Advice was flowing from writers and illustrators for schoolchildren at the Edinburgh book festival, Karen Shead reports
Read as much as possible and write something every day, even if it is just one new word. That was the advice being given at last week's school events at the Edinburgh International Book Festival.
The children were clearly taking any advice to heart. Their backs straightened and heads leaned slightly towards the writers holding workshops.
"You don't say 'I want to be a painter' and never paint," explained Catherine Forde, author of Fat Boy Swim. "You have to practise. And the same goes for writing.
"If you are going to be a writer, it will come out one day. It's like having a wee monster over your shoulder. It's like an addiction."

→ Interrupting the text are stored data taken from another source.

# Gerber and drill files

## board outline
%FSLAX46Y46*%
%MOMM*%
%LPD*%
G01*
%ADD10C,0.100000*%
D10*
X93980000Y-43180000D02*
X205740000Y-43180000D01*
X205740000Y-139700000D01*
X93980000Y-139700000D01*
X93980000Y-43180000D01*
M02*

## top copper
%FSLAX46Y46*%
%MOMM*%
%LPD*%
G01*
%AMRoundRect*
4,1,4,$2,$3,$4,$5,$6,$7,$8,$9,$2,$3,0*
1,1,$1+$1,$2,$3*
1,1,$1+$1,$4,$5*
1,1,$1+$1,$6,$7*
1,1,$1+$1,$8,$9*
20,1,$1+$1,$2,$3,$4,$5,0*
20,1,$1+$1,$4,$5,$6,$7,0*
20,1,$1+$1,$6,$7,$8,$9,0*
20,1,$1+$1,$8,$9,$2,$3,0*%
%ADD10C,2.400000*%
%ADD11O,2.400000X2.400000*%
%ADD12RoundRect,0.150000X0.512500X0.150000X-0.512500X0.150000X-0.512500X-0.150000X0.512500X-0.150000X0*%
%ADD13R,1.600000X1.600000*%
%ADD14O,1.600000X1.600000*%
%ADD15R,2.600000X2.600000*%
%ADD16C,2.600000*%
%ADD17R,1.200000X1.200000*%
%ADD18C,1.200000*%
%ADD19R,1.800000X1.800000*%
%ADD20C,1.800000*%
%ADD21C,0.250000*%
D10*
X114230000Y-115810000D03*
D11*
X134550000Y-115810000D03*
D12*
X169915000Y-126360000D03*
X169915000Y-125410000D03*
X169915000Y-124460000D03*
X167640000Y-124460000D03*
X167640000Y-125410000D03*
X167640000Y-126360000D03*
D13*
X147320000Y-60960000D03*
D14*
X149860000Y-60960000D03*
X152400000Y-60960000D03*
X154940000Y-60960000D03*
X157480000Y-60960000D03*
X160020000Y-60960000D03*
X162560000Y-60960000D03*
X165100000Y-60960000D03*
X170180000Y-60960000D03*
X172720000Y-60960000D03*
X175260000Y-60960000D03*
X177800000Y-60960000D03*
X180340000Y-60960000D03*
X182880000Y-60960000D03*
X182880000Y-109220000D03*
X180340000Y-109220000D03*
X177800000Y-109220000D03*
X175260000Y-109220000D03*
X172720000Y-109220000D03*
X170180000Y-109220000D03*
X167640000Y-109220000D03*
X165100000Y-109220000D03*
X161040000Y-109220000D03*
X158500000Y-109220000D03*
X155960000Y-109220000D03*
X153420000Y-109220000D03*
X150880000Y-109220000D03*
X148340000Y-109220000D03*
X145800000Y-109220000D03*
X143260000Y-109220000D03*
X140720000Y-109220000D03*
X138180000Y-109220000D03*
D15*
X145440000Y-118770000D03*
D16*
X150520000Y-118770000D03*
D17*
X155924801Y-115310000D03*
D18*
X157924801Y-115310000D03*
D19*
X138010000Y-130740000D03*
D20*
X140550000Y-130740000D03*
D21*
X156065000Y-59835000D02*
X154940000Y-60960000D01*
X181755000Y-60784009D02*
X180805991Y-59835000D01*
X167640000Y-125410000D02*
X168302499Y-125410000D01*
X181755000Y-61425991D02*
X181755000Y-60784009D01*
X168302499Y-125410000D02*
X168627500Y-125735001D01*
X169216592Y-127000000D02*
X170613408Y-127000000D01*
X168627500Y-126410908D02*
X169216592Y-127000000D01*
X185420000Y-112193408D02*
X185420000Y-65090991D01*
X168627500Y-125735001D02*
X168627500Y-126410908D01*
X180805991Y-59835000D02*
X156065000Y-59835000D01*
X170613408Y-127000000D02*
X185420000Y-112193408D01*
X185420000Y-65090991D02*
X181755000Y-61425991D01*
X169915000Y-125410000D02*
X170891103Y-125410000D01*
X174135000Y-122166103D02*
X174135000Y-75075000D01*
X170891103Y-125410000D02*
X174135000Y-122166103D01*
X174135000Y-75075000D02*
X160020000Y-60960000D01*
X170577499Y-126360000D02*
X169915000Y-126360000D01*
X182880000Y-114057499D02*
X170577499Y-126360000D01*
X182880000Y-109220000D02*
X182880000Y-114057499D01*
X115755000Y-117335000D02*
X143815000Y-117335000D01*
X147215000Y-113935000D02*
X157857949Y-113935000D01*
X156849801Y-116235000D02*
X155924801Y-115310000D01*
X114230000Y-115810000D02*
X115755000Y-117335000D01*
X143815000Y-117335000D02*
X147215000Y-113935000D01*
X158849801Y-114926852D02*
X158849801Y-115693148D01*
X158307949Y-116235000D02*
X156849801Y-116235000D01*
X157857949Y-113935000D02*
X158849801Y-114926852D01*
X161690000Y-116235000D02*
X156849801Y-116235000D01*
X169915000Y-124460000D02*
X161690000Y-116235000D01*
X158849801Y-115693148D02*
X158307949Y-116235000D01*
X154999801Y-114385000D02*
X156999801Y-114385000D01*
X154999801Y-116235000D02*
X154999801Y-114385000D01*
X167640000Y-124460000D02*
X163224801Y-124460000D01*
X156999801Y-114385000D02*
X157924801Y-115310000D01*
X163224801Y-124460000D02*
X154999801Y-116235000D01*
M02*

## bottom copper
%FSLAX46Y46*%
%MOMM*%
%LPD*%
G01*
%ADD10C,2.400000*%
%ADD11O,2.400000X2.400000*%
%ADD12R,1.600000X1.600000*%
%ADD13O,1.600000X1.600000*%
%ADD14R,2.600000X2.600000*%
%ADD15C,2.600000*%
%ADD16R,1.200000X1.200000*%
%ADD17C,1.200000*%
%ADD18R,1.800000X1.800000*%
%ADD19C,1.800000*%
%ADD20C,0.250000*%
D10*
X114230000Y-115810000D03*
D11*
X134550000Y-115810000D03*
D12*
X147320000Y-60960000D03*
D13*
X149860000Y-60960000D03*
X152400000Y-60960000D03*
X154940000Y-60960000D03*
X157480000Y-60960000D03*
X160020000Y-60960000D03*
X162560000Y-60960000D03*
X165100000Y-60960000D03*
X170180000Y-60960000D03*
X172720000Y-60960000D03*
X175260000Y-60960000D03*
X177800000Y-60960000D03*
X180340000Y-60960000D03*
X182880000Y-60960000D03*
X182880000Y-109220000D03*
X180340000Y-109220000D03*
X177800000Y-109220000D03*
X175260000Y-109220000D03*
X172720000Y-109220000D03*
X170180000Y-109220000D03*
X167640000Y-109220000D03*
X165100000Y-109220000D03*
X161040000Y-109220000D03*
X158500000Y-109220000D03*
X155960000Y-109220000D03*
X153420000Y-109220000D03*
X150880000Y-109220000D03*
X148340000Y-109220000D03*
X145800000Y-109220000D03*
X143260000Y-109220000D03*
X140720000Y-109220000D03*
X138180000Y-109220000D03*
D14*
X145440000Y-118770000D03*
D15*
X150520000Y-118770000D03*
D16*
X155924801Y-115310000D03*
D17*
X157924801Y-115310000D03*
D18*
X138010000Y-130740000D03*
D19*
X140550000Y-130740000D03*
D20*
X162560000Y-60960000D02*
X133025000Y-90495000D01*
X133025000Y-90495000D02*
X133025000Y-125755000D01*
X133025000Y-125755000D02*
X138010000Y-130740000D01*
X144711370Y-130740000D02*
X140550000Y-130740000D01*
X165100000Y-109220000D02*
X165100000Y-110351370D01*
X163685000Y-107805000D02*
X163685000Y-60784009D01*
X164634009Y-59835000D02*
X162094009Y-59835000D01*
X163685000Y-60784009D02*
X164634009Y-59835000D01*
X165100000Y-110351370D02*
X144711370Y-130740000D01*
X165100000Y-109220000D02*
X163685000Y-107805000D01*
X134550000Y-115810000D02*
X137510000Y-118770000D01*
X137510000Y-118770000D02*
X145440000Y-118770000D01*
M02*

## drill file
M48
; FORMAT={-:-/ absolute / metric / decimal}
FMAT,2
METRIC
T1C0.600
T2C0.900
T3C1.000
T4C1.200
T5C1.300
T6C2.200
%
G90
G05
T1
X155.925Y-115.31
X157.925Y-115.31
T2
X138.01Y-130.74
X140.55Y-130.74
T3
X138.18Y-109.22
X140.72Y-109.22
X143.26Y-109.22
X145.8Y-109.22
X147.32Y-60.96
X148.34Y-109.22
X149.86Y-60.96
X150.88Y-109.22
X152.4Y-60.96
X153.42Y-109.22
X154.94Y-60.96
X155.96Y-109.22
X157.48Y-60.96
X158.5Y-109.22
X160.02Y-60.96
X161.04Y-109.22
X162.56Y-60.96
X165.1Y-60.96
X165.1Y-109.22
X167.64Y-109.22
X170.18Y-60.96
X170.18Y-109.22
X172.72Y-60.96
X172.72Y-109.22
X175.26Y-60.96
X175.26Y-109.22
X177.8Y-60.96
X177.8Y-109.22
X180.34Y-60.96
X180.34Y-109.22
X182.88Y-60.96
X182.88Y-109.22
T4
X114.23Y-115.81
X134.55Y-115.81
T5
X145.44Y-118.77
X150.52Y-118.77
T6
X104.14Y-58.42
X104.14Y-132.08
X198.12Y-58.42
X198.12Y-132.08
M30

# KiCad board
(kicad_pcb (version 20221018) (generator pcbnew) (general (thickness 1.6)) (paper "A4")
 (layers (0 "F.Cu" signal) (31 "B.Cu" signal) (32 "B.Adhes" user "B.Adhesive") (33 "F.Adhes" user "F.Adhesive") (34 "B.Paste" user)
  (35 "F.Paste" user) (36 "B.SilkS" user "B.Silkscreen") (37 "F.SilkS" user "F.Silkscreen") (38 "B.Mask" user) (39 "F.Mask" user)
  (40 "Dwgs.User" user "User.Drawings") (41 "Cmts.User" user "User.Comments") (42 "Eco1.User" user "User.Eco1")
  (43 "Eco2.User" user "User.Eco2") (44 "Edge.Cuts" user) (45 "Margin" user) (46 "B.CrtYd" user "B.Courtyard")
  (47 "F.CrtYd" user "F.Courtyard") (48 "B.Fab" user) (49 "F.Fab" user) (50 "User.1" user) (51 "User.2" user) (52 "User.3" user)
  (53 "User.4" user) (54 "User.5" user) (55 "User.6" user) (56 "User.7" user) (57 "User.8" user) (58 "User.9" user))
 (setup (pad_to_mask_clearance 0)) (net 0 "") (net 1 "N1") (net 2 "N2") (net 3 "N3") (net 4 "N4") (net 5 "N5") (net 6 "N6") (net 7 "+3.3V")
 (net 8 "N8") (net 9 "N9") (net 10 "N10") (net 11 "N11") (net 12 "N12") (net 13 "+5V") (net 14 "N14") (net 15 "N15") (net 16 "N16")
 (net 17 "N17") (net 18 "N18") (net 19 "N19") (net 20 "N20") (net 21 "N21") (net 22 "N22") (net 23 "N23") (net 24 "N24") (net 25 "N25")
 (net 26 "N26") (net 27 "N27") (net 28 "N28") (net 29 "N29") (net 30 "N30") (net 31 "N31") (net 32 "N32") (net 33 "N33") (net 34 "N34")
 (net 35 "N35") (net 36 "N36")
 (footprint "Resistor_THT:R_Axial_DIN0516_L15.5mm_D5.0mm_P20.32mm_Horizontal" (layer "F.Cu") (at 114.23 115.81)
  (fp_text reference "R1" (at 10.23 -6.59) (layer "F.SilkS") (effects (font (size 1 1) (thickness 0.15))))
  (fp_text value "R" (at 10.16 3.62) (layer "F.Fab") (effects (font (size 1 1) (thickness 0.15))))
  (pad "1" thru_hole circle (at 0 0) (size 2.4 2.4) (drill 1.2) (layers "*.Cu" "*.Mask") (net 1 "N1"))
  (pad "2" thru_hole oval (at 20.32 0) (size 2.4 2.4) (drill 1.2) (layers "*.Cu" "*.Mask") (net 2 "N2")))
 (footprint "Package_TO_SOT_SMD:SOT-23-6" (layer "F.Cu") (at 168.7775 125.41 180)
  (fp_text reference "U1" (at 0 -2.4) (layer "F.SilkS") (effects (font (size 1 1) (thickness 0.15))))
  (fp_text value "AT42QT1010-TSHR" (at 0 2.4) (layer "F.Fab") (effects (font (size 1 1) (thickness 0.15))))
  (pad "1" smd roundrect (at -1.1375 -0.95 180) (size 1.325 0.6) (layers "F.Cu" "F.Paste" "F.Mask") (roundrect_rratio 0.25) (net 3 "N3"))
  (pad "2" smd roundrect (at -1.1375 0 180) (size 1.325 0.6) (layers "F.Cu" "F.Paste" "F.Mask") (roundrect_rratio 0.25) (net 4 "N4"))
  (pad "3" smd roundrect (at -1.1375 0.95 180) (size 1.325 0.6) (layers "F.Cu" "F.Paste" "F.Mask") (roundrect_rratio 0.25) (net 1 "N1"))
  (pad "4" smd roundrect (at 1.1375 0.95 180) (size 1.325 0.6) (layers "F.Cu" "F.Paste" "F.Mask") (roundrect_rratio 0.25) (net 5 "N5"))
  (pad "5" smd roundrect (at 1.1375 0 180) (size 1.325 0.6) (layers "F.Cu" "F.Paste" "F.Mask") (roundrect_rratio 0.25) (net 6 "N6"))
  (pad "6" smd roundrect (at 1.1375 -0.95 180) (size 1.325 0.6) (layers "F.Cu" "F.Paste" "F.Mask") (roundrect_rratio 0.25) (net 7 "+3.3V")))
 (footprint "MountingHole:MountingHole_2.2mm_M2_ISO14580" (layer "F.Cu") (at 104.14 58.42)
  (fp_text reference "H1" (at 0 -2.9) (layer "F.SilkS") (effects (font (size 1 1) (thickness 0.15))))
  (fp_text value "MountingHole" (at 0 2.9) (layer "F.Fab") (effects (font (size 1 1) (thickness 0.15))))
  (pad "" np_thru_hole circle (at 0 0) (size 2.2 2.2) (drill 2.2) (layers "*.Cu" "*.Mask")))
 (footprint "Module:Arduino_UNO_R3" (layer "F.Cu") (at 147.32 60.96)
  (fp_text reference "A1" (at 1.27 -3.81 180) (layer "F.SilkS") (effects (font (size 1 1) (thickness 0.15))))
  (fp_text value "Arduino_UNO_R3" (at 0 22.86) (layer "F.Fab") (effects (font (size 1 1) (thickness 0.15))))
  (pad "1" thru_hole rect (at 0 0 90) (size 1.6 1.6) (drill 1) (layers "*.Cu" "*.Mask") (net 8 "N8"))
  (pad "2" thru_hole oval (at 2.54 0 90) (size 1.6 1.6) (drill 1) (layers "*.Cu" "*.Mask") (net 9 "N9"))
  (pad "3" thru_hole oval (at 5.08 0 90) (size 1.6 1.6) (drill 1) (layers "*.Cu" "*.Mask") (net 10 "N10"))
  (pad "4" thru_hole oval (at 7.62 0 90) (size 1.6 1.6) (drill 1) (layers "*.Cu" "*.Mask") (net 6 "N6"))
  (pad "5" thru_hole oval (at 10.16 0 90) (size 1.6 1.6) (drill 1) (layers "*.Cu" "*.Mask") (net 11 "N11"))
  (pad "6" thru_hole oval (at 12.7 0 90) (size 1.6 1.6) (drill 1) (layers "*.Cu" "*.Mask") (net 4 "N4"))
  (pad "7" thru_hole oval (at 15.24 0 90) (size 1.6 1.6) (drill 1) (layers "*.Cu" "*.Mask") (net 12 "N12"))
  (pad "8" thru_hole oval (at 17.78 0 90) (size 1.6 1.6) (drill 1) (layers "*.Cu" "*.Mask") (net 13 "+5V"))
  (pad "9" thru_hole oval (at 22.86 0 90) (size 1.6 1.6) (drill 1) (layers "*.Cu" "*.Mask") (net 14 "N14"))
  (pad "10" thru_hole oval (at 25.4 0 90) (size 1.6 1.6) (drill 1) (layers "*.Cu" "*.Mask") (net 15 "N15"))
  (pad "11" thru_hole oval (at 27.94 0 90) (size 1.6 1.6) (drill 1) (layers "*.Cu" "*.Mask") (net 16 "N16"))
  (pad "12" thru_hole oval (at 30.48 0 90) (size 1.6 1.6) (drill 1) (layers "*.Cu" "*.Mask") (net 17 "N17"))
  (pad "13" thru_hole oval (at 33.02 0 90) (size 1.6 1.6) (drill 1) (layers "*.Cu" "*.Mask") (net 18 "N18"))
  (pad "14" thru_hole oval (at 35.56 0 90) (size 1.6 1.6) (drill 1) (layers "*.Cu" "*.Mask") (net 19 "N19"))
  (pad "15" thru_hole oval (at 35.56 48.26 90) (size 1.6 1.6) (drill 1) (layers "*.Cu" "*.Mask") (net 3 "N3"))
  (pad "16" thru_hole oval (at 33.02 48.26 90) (size 1.6 1.6) (drill 1) (layers "*.Cu" "*.Mask") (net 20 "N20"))
  (pad "17" thru_hole oval (at 30.48 48.26 90) (size 1.6 1.6) (drill 1) (layers "*.Cu" "*.Mask") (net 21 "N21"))
  (pad "18" thru_hole oval (at 27.94 48.26 90) (size 1.6 1.6) (drill 1) (layers "*.Cu" "*.Mask") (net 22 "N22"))
  (pad "19" thru_hole oval (at 25.4 48.26 90) (size 1.6 1.6) (drill 1) (layers "*.Cu" "*.Mask") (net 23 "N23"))
  (pad "20" thru_hole oval (at 22.86 48.26 90) (size 1.6 1.6) (drill 1) (layers "*.Cu" "*.Mask") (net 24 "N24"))
  (pad "21" thru_hole oval (at 20.32 48.26 90) (size 1.6 1.6) (drill 1) (layers "*.Cu" "*.Mask") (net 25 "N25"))
  (pad "22" thru_hole oval (at 17.78 48.26 90) (size 1.6 1.6) (drill 1) (layers "*.Cu" "*.Mask") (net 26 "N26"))
  (pad "23" thru_hole oval (at 13.72 48.26 90) (size 1.6 1.6) (drill 1) (layers "*.Cu" "*.Mask") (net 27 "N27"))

In the honest and frank session where she and Kevin Brooks, her co-author on I See You, Baby, chatted to an audience of S2-S4 pupils like old friends, they said writing was their ideal job.
"You get up and spend all day feeding your addiction," explained Kevin. For Cathy, the best thing was: "You can be really scruffy. I write in my pyjamas."
In an earlier session for an audience of P7-S2s, Catherine MacPhail's advice was: "Read as much as you can. By reading, without realising it, you are helping yourself to be a better writer."
Advice was not only given to wannabe authors but to budding illustrators too. Simon James, a popular name with young children judging by the excited chatter and giggles in the audience, shared his secret about drawing, which is "to observe, to look, to study and to see".
The author and illustrator of Baby Brains told the P1-P3 children how he started drawing when he was about 5 years old and he hasn't stopped since.
One day when he was a wee boy he saw a worm in a puddle, he said. He picked it up and licked it (he later confessed this wasn't true but only after enjoying the groans of disgust from his audience). This little wiggly worm inspired him to create an elaborate underground labyrinth called Worms International Rescue, where worms could even learn to swim in their very own swimming pool. He also created a very intelligent worm, who wore glasses of course, called Professor Wiggly. The children laughed in appreciation.
Other trade secrets were divulged by Vivian French and Nicola Morgan.
Vivian French's workshop for P1-P4 pupils was about words and pictures, and she was accompanied by an illustrator from the Edinburgh College of Art.
Pupils from Woodmuir Primary in Breich, West Lothian, learned how to write a story plan and think about using descriptive vocabulary. By the end of the session they had come up with their very own story about a giraffe called George.
The title they settled on, with a little help from Ms French, was George's Birthday Surprise, and the plan for after the session was to go back to school and write up and illustrate their story in their own notebook, which they could keep in the school library.
Nicola Morgan's session, for S1-S6 pupils, was a "writer's workshop for talented young writers", as she explained to the pupils from Glasgow's Notre Dame High. Her key advice was to try to see things through other people's eyes.
She asked the girls to imagine they were somebody or something in a crowded situation. Pens and pencils scrawled across blank sheets of paper and after 10 minutes imaginative descriptions were given from the point of view of a bench, a rubbish bin and a homeless person.
Ms Morgan also gave the girls warm-up exercises, which involved writing down in one minute as many words as they could think of that began with the same letter of the alphabet, and to describe an imaginary box. She gave them several tips to improve their writing and the girls went away inspired.
"She gave us lots of ideas and made us realise that when you are writing you have to think about the reader too," said Amy (S4).
"I thought the workshop would be just her talking about her books but it wasn't and that was really good. The exercises were good, especially the warm-ups."
School librarian Francesca Brennan said: "Nicola had some really imaginative ideas and she put their imaginations to the test.
"They learned some new skills they'll now be able to put to use in the classroom."